_LISTED ENTRIES_
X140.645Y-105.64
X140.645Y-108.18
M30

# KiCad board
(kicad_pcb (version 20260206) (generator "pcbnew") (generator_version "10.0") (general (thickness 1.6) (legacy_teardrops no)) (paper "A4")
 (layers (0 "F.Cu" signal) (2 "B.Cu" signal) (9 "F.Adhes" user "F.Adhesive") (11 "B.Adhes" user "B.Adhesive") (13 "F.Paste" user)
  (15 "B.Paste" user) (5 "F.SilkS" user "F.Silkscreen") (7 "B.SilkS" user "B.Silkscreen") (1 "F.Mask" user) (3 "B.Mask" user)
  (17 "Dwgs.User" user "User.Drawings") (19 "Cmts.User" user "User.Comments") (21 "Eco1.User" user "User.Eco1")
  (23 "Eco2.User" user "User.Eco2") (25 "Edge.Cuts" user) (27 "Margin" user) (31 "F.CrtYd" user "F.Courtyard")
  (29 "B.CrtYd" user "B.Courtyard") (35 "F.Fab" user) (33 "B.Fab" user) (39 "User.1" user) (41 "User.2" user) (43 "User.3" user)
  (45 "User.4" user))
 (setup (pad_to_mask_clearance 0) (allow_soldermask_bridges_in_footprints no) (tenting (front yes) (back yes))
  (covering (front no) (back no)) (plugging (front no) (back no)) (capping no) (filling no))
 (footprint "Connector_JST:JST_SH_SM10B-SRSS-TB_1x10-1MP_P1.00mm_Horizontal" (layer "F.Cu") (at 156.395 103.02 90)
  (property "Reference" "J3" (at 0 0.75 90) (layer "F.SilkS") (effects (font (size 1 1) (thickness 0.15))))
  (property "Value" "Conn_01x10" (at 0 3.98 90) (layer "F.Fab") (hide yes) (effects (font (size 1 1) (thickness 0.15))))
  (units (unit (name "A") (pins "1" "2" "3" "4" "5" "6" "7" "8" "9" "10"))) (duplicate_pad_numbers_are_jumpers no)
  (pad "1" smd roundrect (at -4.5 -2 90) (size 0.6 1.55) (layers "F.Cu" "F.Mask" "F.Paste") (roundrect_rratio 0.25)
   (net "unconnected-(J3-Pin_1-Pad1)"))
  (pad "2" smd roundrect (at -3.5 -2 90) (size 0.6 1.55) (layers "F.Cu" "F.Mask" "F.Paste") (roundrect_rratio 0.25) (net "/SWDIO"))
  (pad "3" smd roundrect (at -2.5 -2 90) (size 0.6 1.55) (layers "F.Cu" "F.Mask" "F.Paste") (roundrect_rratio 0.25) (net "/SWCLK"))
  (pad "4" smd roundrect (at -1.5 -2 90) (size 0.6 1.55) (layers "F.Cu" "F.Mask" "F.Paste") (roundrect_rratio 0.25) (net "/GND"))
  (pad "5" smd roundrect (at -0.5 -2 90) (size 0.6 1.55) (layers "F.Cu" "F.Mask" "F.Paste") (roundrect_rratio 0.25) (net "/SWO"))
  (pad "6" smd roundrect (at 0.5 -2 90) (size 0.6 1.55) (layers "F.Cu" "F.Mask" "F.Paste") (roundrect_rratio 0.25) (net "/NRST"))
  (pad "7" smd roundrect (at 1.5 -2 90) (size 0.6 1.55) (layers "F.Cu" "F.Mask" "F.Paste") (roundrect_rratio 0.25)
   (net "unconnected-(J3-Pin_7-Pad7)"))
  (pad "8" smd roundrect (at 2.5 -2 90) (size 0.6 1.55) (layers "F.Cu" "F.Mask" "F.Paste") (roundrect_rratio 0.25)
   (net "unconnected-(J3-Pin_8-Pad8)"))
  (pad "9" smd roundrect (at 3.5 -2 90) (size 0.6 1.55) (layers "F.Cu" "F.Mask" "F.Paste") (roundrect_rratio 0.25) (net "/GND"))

* * *

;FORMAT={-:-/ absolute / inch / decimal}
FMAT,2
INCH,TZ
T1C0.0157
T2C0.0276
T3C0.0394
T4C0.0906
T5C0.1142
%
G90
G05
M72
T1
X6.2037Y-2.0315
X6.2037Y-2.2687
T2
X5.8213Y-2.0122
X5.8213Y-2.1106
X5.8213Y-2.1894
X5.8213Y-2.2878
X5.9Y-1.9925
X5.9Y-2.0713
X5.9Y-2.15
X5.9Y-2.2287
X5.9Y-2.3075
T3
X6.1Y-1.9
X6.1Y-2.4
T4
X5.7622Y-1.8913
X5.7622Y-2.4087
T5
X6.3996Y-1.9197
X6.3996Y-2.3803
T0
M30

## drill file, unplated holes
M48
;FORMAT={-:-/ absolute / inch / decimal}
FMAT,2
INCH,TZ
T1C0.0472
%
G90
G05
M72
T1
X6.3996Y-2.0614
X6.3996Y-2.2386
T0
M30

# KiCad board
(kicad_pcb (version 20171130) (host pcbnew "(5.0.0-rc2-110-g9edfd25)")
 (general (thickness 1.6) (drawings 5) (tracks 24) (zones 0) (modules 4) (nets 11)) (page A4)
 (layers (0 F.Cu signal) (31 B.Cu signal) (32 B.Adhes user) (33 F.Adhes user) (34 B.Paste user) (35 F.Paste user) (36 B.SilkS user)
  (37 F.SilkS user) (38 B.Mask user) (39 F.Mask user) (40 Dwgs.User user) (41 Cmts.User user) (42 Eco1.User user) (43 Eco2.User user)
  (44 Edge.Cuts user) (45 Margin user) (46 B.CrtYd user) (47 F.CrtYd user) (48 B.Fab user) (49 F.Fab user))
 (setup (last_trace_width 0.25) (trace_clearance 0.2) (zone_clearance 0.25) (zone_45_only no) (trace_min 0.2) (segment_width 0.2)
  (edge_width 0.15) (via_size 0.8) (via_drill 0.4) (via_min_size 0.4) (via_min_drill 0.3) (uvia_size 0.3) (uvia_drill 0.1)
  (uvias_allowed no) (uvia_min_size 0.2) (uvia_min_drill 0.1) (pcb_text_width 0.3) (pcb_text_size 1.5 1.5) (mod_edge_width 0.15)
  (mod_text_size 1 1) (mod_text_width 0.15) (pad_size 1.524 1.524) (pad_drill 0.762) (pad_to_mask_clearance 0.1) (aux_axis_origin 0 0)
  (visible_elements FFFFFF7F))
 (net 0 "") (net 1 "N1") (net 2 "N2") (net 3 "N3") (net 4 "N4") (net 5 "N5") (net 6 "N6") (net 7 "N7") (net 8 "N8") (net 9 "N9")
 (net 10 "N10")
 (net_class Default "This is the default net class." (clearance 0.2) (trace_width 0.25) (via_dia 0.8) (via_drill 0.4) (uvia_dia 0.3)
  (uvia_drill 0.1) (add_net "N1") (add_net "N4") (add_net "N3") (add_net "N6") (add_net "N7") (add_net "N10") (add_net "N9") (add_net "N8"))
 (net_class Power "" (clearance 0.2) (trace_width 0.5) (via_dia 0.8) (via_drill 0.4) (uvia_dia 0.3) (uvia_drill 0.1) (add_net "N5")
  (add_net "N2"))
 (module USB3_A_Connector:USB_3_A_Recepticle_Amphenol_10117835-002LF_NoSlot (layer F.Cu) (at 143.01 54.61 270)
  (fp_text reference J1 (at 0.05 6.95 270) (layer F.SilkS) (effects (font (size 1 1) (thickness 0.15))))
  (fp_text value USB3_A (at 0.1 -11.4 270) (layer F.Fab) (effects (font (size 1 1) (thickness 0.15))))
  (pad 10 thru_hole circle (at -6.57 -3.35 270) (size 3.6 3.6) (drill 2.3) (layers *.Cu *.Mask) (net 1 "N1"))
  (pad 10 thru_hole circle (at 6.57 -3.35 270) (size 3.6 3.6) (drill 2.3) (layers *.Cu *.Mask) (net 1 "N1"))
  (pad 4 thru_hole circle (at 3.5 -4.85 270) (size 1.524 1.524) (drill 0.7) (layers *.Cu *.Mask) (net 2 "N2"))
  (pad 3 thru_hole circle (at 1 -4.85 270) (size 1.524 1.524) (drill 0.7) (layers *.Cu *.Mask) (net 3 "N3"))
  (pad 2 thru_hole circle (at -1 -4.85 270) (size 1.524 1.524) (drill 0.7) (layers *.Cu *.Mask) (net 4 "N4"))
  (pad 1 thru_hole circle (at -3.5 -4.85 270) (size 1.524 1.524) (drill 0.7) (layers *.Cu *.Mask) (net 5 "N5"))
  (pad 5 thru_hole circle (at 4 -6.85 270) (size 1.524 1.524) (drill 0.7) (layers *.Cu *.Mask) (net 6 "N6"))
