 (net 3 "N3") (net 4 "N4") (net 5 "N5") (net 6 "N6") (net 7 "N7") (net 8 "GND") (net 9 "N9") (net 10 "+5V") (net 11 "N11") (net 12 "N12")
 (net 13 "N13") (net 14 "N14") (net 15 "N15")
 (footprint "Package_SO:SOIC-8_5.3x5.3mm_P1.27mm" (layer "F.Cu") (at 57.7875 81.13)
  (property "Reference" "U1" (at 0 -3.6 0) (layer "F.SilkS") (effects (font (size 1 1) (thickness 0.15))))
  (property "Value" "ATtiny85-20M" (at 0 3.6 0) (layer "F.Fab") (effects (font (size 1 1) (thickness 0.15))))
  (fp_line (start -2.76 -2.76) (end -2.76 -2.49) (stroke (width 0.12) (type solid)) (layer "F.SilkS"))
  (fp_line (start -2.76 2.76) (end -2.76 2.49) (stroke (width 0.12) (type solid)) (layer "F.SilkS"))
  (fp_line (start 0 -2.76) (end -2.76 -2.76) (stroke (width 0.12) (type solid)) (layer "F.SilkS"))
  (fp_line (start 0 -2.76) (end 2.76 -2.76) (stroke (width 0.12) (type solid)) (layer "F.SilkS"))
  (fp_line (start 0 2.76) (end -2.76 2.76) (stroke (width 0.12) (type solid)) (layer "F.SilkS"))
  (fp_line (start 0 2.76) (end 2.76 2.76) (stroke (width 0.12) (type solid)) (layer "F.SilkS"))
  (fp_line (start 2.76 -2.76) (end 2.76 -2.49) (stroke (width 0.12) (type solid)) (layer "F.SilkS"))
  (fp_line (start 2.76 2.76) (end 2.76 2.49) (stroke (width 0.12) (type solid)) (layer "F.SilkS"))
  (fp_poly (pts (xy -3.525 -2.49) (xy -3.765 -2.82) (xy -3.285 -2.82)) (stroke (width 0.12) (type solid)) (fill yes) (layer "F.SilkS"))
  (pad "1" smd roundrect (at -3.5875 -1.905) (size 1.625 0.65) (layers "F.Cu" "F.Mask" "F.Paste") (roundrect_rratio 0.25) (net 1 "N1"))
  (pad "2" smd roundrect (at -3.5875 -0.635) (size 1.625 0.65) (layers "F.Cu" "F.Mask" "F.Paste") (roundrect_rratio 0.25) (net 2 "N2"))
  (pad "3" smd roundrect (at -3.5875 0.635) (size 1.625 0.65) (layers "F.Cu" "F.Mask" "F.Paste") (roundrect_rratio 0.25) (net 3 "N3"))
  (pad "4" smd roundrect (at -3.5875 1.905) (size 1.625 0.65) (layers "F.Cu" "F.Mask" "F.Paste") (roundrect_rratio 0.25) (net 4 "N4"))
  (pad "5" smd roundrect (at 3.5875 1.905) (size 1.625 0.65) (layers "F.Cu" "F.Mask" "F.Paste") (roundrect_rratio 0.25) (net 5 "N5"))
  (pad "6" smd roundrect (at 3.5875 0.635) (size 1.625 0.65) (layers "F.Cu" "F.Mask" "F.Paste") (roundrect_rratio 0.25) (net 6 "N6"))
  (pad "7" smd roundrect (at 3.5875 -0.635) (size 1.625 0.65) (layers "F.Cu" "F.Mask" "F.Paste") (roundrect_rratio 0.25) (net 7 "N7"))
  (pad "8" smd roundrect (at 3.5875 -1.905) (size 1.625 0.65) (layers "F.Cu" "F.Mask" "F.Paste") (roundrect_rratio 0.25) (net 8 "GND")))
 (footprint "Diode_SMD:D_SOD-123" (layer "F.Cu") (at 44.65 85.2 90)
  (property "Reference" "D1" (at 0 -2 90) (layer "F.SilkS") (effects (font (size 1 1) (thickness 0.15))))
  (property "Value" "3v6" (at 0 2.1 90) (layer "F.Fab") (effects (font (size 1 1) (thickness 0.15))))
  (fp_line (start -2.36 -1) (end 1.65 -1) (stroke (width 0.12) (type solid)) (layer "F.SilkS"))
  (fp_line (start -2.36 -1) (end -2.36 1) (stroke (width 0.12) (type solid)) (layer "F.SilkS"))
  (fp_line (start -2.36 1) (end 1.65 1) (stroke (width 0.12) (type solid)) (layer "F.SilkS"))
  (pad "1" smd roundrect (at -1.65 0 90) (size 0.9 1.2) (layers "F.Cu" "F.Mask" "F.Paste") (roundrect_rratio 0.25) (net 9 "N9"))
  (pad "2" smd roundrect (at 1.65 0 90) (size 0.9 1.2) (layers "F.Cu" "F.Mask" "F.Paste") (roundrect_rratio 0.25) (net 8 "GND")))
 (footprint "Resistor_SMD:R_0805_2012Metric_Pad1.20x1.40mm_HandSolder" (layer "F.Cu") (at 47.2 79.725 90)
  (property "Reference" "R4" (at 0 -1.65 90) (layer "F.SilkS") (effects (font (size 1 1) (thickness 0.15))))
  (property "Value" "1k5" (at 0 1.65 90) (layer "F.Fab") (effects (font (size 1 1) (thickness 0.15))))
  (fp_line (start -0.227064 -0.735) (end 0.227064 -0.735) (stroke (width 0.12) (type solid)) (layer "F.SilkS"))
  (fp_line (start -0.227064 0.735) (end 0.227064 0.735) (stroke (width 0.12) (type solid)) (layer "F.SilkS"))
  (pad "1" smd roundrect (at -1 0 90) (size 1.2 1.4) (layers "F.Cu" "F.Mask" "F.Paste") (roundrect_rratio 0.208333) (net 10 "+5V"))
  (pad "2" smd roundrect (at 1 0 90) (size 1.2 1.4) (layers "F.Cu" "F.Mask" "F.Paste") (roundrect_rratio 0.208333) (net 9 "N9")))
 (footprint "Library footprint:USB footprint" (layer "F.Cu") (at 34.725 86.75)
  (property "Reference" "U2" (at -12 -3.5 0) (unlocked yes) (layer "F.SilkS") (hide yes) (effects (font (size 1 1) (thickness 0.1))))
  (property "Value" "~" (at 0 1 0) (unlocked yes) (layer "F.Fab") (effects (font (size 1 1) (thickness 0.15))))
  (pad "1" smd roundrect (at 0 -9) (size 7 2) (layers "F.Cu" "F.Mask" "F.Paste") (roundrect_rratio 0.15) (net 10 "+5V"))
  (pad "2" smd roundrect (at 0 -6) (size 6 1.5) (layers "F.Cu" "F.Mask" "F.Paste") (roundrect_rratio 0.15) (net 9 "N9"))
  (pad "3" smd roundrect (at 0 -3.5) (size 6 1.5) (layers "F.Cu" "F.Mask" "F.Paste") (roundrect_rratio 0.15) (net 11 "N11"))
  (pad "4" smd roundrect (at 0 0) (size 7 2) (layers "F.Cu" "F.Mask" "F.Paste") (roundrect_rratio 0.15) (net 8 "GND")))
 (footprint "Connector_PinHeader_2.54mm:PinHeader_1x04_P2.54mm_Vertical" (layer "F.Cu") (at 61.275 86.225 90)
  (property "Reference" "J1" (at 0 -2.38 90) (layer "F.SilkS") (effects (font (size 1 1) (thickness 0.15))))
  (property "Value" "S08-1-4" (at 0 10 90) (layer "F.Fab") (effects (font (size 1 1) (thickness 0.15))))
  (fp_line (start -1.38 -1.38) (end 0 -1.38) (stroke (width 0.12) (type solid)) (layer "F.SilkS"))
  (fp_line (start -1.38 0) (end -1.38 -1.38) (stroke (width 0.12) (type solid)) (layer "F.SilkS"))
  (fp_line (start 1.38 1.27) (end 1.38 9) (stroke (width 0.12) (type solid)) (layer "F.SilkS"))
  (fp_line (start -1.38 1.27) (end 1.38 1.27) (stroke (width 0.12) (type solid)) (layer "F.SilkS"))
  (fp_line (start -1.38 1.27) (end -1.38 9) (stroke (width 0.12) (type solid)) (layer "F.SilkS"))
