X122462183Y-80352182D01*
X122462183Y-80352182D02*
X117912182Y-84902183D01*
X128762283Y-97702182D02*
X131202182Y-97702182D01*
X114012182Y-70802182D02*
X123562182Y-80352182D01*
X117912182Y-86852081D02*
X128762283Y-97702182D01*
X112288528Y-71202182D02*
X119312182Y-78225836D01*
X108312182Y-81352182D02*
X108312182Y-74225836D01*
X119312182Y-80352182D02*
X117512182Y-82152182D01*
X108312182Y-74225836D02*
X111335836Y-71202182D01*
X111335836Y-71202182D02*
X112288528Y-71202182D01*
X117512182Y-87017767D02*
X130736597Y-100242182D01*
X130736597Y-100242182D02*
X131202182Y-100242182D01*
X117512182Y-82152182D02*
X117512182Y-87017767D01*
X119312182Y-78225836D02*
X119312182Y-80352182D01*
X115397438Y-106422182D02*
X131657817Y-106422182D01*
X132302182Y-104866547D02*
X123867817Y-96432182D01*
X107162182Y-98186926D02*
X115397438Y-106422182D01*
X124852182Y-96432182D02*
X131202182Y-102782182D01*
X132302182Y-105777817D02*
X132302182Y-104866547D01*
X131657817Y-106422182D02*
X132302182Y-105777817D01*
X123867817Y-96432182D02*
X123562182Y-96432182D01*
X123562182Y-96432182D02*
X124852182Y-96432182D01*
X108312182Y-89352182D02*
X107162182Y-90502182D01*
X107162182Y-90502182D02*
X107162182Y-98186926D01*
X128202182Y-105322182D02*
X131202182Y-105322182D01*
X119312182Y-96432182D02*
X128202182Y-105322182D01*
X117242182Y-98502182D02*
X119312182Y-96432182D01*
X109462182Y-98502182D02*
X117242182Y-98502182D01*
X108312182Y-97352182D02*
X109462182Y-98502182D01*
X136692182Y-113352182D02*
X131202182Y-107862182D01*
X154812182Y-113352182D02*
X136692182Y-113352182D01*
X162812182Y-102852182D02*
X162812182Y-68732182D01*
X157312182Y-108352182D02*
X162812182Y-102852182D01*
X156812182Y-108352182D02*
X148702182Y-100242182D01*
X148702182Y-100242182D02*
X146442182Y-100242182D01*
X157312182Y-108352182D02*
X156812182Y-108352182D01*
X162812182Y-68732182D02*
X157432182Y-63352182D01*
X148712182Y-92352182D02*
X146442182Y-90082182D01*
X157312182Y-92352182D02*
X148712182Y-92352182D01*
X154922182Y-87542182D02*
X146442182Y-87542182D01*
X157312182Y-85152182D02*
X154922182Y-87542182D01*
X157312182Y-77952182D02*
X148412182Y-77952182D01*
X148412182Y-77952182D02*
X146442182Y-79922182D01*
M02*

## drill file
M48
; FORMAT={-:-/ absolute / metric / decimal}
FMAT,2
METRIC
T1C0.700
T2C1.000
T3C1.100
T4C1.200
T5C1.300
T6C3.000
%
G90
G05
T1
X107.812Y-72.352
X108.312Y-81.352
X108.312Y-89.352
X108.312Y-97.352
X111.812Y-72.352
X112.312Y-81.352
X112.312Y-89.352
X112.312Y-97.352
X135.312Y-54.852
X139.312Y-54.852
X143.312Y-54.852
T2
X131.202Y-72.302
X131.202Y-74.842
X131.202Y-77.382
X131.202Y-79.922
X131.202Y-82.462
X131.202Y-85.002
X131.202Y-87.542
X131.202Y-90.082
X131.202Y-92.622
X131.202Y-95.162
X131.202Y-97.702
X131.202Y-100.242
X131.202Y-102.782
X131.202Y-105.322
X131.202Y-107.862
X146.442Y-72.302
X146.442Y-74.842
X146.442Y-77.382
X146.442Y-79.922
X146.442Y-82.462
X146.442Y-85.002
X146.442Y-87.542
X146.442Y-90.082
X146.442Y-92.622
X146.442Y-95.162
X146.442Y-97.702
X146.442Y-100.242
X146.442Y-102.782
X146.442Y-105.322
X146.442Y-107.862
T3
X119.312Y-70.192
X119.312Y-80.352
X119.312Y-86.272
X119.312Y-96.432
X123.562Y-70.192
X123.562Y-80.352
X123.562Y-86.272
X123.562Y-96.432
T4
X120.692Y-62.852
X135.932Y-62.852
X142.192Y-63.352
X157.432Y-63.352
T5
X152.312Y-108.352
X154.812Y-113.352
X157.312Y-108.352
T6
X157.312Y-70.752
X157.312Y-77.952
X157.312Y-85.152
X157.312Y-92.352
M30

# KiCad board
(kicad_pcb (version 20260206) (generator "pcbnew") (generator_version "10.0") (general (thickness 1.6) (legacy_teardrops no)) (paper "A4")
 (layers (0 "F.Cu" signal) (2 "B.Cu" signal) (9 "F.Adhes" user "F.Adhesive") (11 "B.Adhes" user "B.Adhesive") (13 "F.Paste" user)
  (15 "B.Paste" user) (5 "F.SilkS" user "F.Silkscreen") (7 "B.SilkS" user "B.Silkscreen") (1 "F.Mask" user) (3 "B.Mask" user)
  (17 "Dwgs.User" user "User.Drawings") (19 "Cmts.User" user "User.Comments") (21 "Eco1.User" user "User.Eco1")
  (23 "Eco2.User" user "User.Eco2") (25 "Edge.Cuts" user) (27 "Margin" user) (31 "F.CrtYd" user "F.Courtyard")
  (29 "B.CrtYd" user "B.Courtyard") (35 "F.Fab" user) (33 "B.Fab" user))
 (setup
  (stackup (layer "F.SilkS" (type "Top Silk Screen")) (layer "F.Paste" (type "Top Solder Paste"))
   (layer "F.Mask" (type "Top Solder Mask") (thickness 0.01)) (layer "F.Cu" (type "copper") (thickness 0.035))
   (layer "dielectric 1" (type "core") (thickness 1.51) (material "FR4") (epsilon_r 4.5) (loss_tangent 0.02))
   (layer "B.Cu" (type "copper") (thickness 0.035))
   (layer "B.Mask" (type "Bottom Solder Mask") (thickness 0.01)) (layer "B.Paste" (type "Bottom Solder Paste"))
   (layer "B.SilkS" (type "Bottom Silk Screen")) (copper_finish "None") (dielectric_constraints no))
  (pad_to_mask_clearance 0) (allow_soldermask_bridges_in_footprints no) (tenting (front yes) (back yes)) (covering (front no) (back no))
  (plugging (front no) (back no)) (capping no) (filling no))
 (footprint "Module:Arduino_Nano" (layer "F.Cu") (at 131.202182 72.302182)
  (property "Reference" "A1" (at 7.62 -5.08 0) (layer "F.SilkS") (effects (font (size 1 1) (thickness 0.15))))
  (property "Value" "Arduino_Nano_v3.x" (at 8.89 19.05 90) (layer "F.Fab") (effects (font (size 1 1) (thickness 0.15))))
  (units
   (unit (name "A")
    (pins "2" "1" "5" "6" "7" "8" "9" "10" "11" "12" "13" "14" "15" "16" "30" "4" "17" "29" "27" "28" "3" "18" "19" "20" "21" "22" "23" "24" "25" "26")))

_YOUR TASK_
Transcribe each line of the data above, unaltered, from the one where "X162812182Y-102852182D02*" appears to the one where "X157432182Y-63352182D01*" appears, inclusive of both.

_REPLY TO THE EXERCISE_
X162812182Y-102852182D02*
X162812182Y-68732182D01*
X157312182Y-108352182D02*
X162812182Y-102852182D01*
X156812182Y-108352182D02*
X148702182Y-100242182D01*
X148702182Y-100242182D02*
X146442182Y-100242182D01*
X157312182Y-108352182D02*
X156812182Y-108352182D01*
X162812182Y-68732182D02*
X157432182Y-63352182D01*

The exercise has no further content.